Collected data:
'''

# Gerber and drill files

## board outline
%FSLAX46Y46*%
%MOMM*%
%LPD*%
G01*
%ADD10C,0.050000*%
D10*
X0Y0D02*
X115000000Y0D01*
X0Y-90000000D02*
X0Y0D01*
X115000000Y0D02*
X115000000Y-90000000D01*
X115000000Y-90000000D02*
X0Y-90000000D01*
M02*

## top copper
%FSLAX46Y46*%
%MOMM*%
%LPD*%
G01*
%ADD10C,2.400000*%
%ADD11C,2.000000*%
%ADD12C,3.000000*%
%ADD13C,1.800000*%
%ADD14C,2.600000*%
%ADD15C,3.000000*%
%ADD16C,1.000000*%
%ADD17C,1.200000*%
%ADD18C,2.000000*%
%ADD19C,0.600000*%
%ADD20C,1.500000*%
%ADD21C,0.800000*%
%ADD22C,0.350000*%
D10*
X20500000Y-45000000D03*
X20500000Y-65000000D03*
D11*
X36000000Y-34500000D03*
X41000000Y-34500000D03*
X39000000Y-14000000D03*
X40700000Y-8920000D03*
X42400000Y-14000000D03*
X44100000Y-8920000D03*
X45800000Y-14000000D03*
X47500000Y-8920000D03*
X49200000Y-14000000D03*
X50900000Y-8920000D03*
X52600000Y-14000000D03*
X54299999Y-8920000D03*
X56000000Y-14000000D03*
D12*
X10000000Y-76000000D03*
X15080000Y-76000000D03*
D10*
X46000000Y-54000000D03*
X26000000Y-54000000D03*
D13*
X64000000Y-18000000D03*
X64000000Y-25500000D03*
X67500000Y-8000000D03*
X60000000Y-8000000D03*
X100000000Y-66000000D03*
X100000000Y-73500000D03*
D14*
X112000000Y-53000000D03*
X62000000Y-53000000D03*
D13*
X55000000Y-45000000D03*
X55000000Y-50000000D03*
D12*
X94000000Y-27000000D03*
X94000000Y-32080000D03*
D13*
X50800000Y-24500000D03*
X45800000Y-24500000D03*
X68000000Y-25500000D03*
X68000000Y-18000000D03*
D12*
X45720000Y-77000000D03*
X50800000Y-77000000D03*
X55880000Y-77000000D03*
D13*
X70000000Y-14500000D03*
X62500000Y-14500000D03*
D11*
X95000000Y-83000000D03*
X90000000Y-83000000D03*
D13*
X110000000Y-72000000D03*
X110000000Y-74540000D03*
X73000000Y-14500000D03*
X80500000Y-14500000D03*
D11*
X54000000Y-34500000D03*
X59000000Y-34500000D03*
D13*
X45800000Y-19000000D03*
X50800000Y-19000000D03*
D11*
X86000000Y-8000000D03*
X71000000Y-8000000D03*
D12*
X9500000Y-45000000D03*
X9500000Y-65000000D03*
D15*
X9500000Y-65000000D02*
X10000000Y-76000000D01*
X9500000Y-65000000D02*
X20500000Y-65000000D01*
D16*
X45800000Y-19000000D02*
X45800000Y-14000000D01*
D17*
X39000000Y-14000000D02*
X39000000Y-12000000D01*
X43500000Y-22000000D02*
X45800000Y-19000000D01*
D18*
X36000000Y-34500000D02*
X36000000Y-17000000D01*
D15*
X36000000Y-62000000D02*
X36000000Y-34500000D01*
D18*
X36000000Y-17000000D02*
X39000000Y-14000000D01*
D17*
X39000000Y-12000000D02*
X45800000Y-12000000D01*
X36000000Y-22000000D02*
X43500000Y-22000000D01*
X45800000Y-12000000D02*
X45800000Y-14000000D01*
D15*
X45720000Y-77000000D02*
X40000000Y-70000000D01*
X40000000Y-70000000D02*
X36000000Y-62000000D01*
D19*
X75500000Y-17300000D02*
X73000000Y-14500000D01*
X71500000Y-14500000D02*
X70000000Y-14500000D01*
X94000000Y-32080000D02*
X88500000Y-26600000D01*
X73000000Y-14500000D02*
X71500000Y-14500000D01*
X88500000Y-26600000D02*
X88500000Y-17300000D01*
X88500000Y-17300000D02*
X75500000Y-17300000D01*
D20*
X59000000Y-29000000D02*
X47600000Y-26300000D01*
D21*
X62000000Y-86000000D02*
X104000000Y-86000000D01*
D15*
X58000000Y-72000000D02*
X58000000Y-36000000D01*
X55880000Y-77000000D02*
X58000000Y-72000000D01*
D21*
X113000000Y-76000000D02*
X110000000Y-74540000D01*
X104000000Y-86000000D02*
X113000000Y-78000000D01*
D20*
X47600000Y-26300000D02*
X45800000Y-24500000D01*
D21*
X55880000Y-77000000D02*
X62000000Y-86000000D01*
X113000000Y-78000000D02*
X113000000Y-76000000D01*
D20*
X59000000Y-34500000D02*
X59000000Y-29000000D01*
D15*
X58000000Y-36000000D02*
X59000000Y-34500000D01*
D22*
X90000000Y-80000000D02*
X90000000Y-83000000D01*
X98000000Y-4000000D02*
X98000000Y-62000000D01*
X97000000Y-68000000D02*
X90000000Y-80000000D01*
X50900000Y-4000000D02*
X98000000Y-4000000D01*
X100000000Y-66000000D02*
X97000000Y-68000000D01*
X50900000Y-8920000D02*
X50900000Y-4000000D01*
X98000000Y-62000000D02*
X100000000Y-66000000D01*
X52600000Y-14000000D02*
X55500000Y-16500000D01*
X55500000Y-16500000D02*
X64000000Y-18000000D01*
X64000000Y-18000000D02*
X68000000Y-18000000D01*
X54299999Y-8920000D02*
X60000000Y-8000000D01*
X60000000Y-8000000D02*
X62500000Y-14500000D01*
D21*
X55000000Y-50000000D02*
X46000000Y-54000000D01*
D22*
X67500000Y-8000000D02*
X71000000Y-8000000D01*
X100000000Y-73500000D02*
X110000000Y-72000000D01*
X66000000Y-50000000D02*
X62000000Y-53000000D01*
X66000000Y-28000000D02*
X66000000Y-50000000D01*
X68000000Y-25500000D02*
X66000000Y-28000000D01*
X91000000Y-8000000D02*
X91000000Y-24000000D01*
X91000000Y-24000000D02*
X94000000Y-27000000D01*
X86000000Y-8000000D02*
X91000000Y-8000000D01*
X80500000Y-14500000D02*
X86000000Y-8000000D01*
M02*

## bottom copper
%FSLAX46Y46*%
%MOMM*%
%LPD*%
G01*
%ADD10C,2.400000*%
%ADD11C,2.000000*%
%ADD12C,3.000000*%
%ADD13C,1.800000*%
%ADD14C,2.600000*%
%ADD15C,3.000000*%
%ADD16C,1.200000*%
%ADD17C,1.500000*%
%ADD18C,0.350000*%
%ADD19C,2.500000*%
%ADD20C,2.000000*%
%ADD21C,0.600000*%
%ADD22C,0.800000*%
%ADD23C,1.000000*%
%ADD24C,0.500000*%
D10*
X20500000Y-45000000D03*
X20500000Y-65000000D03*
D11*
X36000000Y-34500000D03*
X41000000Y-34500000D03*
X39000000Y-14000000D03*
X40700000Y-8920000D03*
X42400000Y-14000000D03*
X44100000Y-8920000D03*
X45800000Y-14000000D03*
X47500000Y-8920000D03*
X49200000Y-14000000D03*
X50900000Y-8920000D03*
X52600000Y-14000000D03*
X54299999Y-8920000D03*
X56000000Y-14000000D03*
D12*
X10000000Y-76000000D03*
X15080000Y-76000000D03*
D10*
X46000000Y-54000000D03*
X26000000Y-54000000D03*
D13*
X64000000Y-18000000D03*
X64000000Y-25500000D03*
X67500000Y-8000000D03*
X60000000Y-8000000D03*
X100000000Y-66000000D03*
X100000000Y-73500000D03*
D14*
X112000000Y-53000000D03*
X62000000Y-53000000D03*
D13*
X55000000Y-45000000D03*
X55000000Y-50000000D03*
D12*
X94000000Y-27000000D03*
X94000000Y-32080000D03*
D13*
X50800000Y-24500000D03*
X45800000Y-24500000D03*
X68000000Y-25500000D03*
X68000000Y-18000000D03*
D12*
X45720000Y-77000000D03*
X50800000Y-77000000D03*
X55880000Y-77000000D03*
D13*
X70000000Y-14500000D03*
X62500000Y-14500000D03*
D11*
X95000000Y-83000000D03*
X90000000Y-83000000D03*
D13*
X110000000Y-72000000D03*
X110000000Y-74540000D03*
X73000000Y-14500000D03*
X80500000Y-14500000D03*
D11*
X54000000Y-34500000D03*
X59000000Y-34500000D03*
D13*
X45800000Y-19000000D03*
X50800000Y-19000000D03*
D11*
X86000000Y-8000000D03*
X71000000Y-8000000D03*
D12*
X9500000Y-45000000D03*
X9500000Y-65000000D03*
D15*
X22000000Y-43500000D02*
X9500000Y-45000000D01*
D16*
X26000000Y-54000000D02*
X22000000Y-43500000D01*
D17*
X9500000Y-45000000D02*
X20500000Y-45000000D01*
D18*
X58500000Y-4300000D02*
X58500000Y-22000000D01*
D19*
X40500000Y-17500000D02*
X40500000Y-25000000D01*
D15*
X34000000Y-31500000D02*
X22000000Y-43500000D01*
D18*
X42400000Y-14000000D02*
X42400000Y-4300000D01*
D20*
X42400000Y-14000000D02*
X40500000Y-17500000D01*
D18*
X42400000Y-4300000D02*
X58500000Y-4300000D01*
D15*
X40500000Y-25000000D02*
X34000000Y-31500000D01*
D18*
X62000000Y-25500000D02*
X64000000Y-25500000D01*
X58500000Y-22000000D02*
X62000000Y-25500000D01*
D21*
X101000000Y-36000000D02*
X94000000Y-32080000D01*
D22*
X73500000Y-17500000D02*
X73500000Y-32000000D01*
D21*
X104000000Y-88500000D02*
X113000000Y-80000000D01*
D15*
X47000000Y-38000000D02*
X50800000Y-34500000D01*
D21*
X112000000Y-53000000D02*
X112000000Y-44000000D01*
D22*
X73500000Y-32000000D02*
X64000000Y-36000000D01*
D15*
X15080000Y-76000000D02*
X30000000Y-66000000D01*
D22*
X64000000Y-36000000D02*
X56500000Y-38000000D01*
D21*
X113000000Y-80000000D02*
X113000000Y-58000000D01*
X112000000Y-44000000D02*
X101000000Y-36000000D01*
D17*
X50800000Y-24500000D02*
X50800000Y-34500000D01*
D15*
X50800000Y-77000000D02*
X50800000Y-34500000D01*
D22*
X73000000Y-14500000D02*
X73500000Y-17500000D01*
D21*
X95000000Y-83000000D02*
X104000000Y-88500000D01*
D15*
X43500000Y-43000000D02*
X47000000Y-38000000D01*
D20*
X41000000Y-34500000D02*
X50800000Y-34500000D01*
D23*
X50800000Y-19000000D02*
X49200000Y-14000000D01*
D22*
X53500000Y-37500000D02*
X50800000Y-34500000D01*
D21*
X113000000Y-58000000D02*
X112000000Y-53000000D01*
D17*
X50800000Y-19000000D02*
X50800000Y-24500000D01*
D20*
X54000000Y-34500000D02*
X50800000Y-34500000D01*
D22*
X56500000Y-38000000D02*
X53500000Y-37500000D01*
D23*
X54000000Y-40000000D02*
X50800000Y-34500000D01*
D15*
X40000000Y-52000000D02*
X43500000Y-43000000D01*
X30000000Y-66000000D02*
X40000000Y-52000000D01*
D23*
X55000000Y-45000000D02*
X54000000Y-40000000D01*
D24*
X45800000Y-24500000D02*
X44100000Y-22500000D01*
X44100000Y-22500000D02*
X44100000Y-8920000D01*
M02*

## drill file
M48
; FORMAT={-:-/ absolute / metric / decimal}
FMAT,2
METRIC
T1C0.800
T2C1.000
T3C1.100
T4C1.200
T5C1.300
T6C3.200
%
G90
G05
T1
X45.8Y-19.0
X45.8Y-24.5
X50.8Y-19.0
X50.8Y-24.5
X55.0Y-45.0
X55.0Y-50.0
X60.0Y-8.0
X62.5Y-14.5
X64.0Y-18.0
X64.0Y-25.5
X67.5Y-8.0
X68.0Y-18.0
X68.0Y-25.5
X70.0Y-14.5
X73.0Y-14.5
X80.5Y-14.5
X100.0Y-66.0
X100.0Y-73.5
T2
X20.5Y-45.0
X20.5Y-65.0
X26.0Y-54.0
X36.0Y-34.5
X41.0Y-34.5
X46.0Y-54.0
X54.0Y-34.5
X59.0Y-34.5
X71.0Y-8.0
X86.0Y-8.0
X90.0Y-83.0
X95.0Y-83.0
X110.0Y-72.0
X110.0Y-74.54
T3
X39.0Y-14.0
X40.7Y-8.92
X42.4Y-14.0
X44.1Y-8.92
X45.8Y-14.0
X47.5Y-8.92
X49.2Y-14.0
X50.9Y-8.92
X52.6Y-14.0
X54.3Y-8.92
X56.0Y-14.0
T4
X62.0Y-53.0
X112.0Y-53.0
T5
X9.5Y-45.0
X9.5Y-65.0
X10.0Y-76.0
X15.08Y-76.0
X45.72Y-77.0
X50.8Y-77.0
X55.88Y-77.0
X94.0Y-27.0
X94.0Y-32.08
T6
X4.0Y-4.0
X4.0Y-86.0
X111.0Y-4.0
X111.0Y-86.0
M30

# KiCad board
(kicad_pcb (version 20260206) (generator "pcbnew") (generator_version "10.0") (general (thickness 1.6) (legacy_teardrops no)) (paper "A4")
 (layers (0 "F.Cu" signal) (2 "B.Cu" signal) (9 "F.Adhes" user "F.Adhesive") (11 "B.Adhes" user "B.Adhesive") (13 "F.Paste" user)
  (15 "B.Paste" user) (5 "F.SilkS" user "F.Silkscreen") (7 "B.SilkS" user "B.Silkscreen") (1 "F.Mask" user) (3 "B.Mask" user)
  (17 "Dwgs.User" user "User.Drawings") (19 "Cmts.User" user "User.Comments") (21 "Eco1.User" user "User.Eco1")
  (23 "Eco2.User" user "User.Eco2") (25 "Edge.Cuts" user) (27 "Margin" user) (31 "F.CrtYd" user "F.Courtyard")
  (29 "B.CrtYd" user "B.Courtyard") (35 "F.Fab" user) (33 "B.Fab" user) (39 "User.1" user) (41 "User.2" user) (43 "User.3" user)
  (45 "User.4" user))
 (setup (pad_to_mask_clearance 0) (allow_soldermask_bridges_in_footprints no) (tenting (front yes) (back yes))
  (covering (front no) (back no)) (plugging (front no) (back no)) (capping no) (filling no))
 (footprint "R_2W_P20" (layer "F.Cu") (at 20.5 45 -90)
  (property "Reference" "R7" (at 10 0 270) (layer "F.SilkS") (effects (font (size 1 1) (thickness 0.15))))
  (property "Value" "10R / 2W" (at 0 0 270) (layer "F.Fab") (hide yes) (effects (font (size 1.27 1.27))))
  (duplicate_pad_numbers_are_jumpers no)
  (pad "1" thru_hole circle (at 0 0 270) (size 2.4 2.4) (drill 1) (layers "*.Cu" "*.Mask") (remove_unused_layers no) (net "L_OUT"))
  (pad "2" thru_hole circle (at 20 0 270) (size 2.4 2.4) (drill 1) (layers "*.Cu" "*.Mask") (remove_unused_layers no) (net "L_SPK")))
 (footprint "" (layer "F.Cu") (at 111 4)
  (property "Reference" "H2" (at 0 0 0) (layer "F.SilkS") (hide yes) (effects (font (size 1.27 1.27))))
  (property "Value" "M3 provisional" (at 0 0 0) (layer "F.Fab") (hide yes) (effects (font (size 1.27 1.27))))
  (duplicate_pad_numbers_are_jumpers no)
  (pad "" np_thru_hole circle (at 0 0) (size 3.2 3.2) (drill 3.2) (layers "*.Cu" "*.Mask")))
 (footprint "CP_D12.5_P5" (layer "F.Cu") (at 36 34.5)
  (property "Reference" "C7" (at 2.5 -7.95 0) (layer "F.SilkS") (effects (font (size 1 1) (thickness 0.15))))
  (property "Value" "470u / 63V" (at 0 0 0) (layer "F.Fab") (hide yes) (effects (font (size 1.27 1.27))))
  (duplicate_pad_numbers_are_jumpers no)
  (pad "1" thru_hole circle (at 0 0) (size 2 2) (drill 1) (layers "*.Cu" "*.Mask") (remove_unused_layers no) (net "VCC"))
  (pad "2" thru_hole circle (at 5 0) (size 2 2) (drill 1) (layers "*.Cu" "*.Mask") (remove_unused_layers no) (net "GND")))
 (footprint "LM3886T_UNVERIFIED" (layer "F.Cu") (at 39 14)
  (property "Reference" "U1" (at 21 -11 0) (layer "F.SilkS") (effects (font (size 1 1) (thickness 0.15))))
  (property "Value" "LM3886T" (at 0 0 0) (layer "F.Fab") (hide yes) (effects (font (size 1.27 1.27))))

'''

Prompt: Your answer should be the lines above from the one containing "X53500000Y-37500000D02*" through the one containing "# KiCad board", copied exactly and with both ends kept.

Your solution:
X53500000Y-37500000D02*
X50800000Y-34500000D01*
D21*
X113000000Y-58000000D02*
X112000000Y-53000000D01*
D17*
X50800000Y-19000000D02*
X50800000Y-24500000D01*
D20*
X54000000Y-34500000D02*
X50800000Y-34500000D01*
D22*
X56500000Y-38000000D02*
X53500000Y-37500000D01*
D23*
X54000000Y-40000000D02*
X50800000Y-34500000D01*
D15*
X40000000Y-52000000D02*
X43500000Y-43000000D01*
X30000000Y-66000000D02*
X40000000Y-52000000D01*
D23*
X55000000Y-45000000D02*
X54000000Y-40000000D01*
D24*
X45800000Y-24500000D02*
X44100000Y-22500000D01*
X44100000Y-22500000D02*
X44100000Y-8920000D01*
M02*

## drill file
M48
; FORMAT={-:-/ absolute / metric / decimal}
FMAT,2
METRIC
T1C0.800
T2C1.000
T3C1.100
T4C1.200
T5C1.300
T6C3.200
%
G90
G05
T1
X45.8Y-19.0
X45.8Y-24.5
X50.8Y-19.0
X50.8Y-24.5
X55.0Y-45.0
X55.0Y-50.0
X60.0Y-8.0
X62.5Y-14.5
X64.0Y-18.0
X64.0Y-25.5
X67.5Y-8.0
X68.0Y-18.0
X68.0Y-25.5
X70.0Y-14.5
X73.0Y-14.5
X80.5Y-14.5
X100.0Y-66.0
X100.0Y-73.5
T2
X20.5Y-45.0
X20.5Y-65.0
X26.0Y-54.0
X36.0Y-34.5
X41.0Y-34.5
X46.0Y-54.0
X54.0Y-34.5
X59.0Y-34.5
X71.0Y-8.0
X86.0Y-8.0
X90.0Y-83.0
X95.0Y-83.0
X110.0Y-72.0
X110.0Y-74.54
T3
X39.0Y-14.0
X40.7Y-8.92
X42.4Y-14.0
X44.1Y-8.92
X45.8Y-14.0
X47.5Y-8.92
X49.2Y-14.0
X50.9Y-8.92
X52.6Y-14.0
X54.3Y-8.92
X56.0Y-14.0
T4
X62.0Y-53.0
X112.0Y-53.0
T5
X9.5Y-45.0
X9.5Y-65.0
X10.0Y-76.0
X15.08Y-76.0
X45.72Y-77.0
X50.8Y-77.0
X55.88Y-77.0
X94.0Y-27.0
X94.0Y-32.08
T6
X4.0Y-4.0
X4.0Y-86.0
X111.0Y-4.0
X111.0Y-86.0
M30

# KiCad board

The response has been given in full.